TASK DIRECTIONS.
Search the records for "user". Report every line where it occurs.
[[ MATERIAL FOR THIS TASK open ]]
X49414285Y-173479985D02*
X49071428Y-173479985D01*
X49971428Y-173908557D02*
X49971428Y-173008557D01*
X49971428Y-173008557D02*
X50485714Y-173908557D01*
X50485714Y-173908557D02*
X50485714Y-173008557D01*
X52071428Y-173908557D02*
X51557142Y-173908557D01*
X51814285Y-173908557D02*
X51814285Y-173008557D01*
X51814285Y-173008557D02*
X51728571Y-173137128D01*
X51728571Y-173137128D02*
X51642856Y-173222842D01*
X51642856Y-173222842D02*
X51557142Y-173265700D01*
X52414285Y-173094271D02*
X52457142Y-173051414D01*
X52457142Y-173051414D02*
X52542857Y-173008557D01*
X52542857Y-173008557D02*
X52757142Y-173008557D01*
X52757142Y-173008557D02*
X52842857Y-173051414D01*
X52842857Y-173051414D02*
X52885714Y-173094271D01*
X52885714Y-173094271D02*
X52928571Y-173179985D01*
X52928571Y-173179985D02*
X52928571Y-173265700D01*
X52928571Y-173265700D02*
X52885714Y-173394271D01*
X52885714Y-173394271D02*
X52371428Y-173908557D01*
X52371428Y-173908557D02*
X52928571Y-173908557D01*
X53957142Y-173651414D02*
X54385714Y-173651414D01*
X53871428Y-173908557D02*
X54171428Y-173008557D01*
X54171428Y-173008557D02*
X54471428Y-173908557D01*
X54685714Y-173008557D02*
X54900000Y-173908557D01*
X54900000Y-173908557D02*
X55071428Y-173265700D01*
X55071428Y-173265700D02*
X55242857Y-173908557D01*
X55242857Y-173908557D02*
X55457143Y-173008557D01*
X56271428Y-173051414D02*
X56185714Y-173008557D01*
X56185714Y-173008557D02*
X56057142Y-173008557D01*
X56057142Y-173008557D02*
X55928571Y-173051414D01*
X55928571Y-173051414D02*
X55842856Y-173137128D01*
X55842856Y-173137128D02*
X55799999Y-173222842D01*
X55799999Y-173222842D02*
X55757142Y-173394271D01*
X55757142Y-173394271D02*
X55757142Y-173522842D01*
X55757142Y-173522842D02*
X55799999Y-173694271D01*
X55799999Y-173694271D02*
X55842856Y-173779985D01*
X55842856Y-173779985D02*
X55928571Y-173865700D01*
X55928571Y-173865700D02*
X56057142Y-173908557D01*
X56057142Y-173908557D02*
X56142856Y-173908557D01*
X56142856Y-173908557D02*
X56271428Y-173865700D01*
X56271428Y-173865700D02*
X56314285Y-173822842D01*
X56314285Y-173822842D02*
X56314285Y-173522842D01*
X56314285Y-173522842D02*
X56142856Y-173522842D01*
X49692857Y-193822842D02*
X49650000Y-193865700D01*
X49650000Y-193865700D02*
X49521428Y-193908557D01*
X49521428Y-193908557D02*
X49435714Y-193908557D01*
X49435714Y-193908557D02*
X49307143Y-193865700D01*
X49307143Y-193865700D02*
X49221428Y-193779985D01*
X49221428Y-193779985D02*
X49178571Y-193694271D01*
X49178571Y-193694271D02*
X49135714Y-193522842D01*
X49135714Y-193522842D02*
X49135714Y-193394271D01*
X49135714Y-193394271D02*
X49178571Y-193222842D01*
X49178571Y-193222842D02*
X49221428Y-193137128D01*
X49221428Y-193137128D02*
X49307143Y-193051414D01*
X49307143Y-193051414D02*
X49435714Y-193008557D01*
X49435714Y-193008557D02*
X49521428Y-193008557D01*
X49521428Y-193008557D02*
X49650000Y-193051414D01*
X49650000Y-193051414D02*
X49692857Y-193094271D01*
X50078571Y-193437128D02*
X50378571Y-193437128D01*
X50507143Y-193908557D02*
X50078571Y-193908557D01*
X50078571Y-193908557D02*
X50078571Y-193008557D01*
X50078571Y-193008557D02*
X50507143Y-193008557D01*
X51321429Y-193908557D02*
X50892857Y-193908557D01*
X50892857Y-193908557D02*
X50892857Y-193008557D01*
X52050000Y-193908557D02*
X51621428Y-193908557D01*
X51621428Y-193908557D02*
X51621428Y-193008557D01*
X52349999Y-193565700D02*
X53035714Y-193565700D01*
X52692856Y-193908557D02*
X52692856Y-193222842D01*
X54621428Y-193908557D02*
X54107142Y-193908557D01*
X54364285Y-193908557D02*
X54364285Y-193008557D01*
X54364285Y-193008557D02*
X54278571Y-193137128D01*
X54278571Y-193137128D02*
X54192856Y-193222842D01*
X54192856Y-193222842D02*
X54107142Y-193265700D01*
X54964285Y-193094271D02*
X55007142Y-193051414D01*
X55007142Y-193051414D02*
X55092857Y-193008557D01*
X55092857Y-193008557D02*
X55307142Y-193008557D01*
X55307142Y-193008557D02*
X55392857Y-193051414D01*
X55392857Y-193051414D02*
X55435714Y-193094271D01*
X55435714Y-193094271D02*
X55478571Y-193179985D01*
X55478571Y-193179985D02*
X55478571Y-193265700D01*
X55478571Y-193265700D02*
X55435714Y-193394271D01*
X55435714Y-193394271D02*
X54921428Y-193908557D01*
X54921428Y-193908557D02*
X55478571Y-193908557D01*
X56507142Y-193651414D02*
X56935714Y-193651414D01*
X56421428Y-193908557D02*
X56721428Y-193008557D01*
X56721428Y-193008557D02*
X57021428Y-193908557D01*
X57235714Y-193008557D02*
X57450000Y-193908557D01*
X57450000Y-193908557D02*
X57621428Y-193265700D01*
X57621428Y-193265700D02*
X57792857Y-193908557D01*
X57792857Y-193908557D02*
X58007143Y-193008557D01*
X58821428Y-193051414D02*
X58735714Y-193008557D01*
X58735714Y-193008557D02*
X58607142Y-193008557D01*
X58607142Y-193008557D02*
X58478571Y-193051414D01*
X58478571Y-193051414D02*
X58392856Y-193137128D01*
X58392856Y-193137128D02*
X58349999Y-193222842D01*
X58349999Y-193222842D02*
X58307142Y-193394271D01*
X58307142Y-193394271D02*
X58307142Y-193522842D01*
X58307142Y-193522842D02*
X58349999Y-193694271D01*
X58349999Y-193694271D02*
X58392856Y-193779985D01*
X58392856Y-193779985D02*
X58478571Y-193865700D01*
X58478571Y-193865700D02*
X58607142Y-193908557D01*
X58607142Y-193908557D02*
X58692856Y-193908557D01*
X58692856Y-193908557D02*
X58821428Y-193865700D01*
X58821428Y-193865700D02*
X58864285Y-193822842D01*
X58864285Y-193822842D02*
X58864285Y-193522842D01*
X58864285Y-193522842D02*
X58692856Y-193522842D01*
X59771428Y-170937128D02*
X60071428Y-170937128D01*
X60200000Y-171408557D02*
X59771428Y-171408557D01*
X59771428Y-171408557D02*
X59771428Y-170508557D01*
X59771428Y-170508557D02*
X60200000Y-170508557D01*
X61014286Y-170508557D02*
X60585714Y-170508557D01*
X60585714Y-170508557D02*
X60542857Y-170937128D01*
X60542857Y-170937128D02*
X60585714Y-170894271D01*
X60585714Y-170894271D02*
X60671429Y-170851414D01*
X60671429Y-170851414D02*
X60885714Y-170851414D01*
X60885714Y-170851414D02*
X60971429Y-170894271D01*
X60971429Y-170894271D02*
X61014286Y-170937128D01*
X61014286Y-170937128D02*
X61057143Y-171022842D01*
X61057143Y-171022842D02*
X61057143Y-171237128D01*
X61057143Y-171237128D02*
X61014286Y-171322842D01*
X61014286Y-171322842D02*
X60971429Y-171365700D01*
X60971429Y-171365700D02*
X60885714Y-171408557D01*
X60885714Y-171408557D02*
[[ MATERIAL FOR THIS TASK closed ]]
[[ MATERIAL FOR THIS TASK open ]]
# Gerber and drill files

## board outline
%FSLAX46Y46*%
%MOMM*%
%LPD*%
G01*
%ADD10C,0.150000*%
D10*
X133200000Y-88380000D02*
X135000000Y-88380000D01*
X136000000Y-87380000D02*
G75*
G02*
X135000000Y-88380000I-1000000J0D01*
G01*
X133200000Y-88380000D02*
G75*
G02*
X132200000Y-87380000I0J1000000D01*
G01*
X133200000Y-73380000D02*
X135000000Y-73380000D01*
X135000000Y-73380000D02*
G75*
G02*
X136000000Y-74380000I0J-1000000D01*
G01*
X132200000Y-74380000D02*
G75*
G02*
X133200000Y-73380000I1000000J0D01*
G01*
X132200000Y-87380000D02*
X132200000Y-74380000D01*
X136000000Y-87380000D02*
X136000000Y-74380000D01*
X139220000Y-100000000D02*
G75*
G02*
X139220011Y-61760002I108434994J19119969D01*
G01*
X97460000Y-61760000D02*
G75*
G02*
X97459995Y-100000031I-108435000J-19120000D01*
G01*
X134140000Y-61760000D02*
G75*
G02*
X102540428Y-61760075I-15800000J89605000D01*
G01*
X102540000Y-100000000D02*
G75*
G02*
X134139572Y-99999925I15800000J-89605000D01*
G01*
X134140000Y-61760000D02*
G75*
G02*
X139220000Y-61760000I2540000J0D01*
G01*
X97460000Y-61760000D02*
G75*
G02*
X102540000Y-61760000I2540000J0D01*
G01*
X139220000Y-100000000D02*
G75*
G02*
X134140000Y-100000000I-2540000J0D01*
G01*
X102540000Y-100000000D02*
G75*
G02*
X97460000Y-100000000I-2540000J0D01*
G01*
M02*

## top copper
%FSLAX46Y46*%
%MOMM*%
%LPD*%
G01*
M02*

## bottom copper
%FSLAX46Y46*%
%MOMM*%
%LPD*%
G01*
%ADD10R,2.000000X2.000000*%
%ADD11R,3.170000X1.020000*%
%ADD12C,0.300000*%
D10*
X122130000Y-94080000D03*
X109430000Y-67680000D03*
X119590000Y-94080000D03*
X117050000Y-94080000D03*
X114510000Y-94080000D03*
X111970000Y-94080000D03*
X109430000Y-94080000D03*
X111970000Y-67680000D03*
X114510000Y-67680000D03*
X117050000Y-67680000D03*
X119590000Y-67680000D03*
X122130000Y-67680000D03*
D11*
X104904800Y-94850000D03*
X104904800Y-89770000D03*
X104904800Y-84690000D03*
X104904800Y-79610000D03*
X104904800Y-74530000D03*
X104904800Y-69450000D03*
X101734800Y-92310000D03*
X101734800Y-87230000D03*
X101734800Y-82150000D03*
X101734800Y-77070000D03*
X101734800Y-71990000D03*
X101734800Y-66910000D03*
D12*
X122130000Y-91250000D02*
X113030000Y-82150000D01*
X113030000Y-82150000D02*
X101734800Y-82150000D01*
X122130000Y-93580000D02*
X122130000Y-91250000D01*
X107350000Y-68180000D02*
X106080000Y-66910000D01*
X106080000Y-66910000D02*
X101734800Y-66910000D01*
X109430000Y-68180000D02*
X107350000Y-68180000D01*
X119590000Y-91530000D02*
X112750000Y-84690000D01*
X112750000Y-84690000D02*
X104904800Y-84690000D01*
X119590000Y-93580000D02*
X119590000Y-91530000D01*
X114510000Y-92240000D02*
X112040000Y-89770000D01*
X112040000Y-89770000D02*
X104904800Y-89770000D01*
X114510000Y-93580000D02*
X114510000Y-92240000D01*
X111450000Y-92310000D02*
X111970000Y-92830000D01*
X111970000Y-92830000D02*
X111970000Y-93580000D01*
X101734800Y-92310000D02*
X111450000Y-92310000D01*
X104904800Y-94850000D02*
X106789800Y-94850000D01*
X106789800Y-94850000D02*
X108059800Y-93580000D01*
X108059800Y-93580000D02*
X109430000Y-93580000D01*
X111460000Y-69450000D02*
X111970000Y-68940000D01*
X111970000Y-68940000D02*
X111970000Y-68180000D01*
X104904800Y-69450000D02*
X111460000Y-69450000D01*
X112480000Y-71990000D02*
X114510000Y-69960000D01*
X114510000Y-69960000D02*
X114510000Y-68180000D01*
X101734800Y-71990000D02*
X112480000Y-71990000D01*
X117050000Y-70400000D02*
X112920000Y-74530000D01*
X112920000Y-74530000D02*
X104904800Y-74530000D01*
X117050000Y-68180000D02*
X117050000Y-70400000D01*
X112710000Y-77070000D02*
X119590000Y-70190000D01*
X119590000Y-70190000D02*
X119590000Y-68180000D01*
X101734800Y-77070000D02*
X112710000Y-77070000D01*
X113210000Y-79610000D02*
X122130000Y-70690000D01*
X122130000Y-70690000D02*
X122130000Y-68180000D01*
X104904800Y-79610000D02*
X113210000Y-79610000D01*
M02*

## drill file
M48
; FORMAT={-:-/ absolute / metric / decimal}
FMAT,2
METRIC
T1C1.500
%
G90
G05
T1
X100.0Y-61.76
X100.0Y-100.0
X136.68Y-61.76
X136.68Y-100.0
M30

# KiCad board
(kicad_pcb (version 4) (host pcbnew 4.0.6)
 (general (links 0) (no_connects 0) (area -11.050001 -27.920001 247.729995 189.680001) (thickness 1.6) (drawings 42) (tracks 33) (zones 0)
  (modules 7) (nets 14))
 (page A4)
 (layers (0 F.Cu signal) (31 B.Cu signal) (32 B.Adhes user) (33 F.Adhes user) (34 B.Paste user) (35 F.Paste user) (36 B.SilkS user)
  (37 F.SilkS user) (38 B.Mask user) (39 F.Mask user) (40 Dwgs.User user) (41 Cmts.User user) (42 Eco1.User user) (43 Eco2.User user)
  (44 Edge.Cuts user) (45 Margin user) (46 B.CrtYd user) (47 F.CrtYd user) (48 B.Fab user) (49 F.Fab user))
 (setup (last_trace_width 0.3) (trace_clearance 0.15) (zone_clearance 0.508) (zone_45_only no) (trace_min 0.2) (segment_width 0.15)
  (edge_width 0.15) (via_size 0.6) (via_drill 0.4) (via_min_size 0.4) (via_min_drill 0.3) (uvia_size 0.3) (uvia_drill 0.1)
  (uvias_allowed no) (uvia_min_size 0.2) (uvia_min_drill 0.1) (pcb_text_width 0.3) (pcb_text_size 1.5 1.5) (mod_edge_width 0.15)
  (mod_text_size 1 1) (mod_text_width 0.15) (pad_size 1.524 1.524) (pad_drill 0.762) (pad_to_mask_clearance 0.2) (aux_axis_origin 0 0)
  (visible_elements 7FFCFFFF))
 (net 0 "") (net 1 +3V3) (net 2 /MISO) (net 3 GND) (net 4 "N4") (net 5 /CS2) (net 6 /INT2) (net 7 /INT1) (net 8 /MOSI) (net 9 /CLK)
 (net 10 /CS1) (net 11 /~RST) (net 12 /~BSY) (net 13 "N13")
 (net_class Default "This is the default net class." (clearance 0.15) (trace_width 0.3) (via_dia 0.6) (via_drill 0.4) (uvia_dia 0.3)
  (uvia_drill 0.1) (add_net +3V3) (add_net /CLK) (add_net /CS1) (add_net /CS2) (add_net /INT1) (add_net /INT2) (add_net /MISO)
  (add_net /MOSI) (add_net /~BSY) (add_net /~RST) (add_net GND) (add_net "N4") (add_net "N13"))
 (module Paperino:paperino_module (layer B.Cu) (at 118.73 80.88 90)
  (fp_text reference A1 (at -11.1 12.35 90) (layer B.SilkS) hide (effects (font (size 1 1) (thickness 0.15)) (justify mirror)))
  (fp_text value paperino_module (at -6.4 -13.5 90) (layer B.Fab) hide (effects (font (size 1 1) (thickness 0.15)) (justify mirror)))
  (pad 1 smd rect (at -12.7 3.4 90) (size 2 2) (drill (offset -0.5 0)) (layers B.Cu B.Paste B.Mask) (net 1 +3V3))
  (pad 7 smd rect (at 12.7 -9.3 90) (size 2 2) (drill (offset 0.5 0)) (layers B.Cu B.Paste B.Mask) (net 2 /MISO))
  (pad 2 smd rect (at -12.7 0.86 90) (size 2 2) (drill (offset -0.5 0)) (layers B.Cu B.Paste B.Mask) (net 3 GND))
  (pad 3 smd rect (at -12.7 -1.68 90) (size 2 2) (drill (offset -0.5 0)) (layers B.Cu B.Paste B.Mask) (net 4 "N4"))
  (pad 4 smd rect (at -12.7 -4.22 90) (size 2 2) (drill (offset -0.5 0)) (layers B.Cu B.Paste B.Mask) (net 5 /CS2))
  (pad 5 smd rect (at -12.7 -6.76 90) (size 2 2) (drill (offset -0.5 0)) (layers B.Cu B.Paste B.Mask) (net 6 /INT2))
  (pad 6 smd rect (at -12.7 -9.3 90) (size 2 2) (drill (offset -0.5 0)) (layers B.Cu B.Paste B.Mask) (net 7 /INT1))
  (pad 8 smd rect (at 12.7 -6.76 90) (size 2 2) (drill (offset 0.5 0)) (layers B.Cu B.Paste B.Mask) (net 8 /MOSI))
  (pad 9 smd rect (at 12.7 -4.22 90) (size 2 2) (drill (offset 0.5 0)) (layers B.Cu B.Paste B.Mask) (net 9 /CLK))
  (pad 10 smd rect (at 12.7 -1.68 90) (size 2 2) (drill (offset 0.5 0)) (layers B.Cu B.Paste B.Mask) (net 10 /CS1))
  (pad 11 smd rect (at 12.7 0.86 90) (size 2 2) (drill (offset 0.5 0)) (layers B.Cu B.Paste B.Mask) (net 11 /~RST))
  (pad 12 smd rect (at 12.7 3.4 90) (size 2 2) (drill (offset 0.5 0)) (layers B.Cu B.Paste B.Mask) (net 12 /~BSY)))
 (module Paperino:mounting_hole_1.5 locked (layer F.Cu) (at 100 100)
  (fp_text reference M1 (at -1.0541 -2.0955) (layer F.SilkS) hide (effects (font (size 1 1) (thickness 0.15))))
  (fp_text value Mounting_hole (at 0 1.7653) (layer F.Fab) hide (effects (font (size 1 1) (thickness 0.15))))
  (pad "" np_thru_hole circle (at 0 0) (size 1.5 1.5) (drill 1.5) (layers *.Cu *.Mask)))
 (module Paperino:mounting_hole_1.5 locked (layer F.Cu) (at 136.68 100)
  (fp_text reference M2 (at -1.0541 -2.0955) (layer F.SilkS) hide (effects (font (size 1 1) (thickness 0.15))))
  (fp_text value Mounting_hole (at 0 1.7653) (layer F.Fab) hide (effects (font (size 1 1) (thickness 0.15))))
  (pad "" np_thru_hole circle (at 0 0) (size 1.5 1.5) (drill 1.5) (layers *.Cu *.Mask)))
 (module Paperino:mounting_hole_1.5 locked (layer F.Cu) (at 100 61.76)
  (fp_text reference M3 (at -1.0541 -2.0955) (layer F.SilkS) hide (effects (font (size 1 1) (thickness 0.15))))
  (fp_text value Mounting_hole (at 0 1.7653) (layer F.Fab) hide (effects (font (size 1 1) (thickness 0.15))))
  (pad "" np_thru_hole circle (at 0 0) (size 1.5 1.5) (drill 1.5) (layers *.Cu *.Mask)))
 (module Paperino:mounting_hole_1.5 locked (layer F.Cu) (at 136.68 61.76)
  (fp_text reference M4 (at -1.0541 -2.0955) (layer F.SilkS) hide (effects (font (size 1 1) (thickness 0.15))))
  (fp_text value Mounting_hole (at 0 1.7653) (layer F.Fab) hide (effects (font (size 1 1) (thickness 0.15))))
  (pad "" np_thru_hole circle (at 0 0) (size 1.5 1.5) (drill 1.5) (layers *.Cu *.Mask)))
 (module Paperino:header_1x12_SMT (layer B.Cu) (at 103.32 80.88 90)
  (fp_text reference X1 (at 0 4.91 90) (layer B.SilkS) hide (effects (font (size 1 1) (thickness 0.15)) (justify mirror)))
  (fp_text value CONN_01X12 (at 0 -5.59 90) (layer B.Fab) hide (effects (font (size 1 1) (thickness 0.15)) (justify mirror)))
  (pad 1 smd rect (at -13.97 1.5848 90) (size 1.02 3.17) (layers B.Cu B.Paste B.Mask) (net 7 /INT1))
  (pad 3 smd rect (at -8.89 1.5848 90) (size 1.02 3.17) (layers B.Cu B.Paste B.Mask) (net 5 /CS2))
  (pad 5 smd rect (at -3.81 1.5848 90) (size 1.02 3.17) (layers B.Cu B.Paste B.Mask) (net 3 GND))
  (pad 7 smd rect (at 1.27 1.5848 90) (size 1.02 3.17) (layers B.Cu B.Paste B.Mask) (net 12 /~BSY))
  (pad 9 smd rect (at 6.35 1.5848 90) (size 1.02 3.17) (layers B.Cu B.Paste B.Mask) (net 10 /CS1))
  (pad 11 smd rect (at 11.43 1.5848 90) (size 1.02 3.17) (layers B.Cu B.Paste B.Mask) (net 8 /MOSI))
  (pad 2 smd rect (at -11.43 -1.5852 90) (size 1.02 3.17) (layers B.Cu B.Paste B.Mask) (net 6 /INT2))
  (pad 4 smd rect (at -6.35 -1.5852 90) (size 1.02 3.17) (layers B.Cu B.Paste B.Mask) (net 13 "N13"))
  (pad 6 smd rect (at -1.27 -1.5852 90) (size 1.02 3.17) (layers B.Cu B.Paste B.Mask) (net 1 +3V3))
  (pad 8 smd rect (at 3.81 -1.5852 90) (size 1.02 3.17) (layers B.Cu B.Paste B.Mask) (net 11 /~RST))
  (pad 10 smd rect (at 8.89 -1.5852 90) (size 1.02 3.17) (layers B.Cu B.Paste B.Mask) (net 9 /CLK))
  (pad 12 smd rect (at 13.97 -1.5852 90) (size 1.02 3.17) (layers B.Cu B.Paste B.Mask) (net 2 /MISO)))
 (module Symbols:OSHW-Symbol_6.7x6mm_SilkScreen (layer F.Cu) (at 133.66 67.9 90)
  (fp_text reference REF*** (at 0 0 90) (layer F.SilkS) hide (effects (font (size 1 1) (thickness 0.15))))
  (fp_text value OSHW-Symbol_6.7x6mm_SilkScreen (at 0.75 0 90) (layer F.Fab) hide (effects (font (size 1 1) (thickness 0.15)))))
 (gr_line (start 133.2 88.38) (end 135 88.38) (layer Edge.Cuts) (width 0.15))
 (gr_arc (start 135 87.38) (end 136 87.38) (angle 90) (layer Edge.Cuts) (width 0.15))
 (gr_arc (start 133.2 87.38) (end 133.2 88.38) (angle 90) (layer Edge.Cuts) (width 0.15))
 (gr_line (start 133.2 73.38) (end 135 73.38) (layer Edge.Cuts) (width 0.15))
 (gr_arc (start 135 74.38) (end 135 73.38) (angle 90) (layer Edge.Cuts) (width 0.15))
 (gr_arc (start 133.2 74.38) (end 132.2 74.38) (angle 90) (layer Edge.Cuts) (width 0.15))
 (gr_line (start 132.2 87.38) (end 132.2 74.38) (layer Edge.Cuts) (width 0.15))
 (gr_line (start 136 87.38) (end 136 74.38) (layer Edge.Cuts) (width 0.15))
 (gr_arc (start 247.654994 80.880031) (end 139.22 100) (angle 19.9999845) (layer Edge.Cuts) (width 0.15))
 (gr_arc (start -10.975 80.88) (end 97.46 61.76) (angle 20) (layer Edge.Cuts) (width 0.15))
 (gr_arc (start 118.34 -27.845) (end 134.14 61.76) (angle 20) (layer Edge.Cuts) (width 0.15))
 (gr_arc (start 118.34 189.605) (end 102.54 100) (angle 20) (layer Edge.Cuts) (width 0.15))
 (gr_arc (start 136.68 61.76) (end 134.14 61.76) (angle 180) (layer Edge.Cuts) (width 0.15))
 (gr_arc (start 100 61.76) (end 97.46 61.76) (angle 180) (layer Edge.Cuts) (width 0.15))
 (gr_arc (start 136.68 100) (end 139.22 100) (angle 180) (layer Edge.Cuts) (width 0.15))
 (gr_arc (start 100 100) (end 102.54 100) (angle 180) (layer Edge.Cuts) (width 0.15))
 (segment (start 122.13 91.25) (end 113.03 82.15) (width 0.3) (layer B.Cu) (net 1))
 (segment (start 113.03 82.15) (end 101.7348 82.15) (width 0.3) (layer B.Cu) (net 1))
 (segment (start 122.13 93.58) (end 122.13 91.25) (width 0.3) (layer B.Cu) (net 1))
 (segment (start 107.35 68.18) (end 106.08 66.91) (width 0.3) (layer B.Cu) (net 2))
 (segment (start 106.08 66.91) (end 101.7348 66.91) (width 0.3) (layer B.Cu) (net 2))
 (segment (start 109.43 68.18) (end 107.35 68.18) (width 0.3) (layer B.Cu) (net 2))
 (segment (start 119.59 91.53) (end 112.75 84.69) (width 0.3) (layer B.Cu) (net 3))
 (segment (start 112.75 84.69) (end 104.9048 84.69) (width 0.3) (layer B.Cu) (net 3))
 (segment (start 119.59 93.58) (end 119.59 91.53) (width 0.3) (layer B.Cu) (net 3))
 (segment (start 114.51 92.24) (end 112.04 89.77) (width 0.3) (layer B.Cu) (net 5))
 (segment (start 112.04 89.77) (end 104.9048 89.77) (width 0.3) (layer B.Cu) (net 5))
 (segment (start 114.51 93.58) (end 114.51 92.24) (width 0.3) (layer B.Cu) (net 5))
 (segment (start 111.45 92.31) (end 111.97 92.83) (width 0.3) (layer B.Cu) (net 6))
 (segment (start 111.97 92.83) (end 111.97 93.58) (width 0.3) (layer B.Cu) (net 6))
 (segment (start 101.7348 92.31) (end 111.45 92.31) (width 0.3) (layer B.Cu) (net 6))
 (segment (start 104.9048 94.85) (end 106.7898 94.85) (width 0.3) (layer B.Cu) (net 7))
[[ MATERIAL FOR THIS TASK closed ]]
RESPONSE TO THIS TASK.
 (layers (0 F.Cu signal) (31 B.Cu signal) (32 B.Adhes user) (33 F.Adhes user) (34 B.Paste user) (35 F.Paste user) (36 B.SilkS user)
  (37 F.SilkS user) (38 B.Mask user) (39 F.Mask user) (40 Dwgs.User user) (41 Cmts.User user) (42 Eco1.User user) (43 Eco2.User user)
  (44 Edge.Cuts user) (45 Margin user) (46 B.CrtYd user) (47 F.CrtYd user) (48 B.Fab user) (49 F.Fab user))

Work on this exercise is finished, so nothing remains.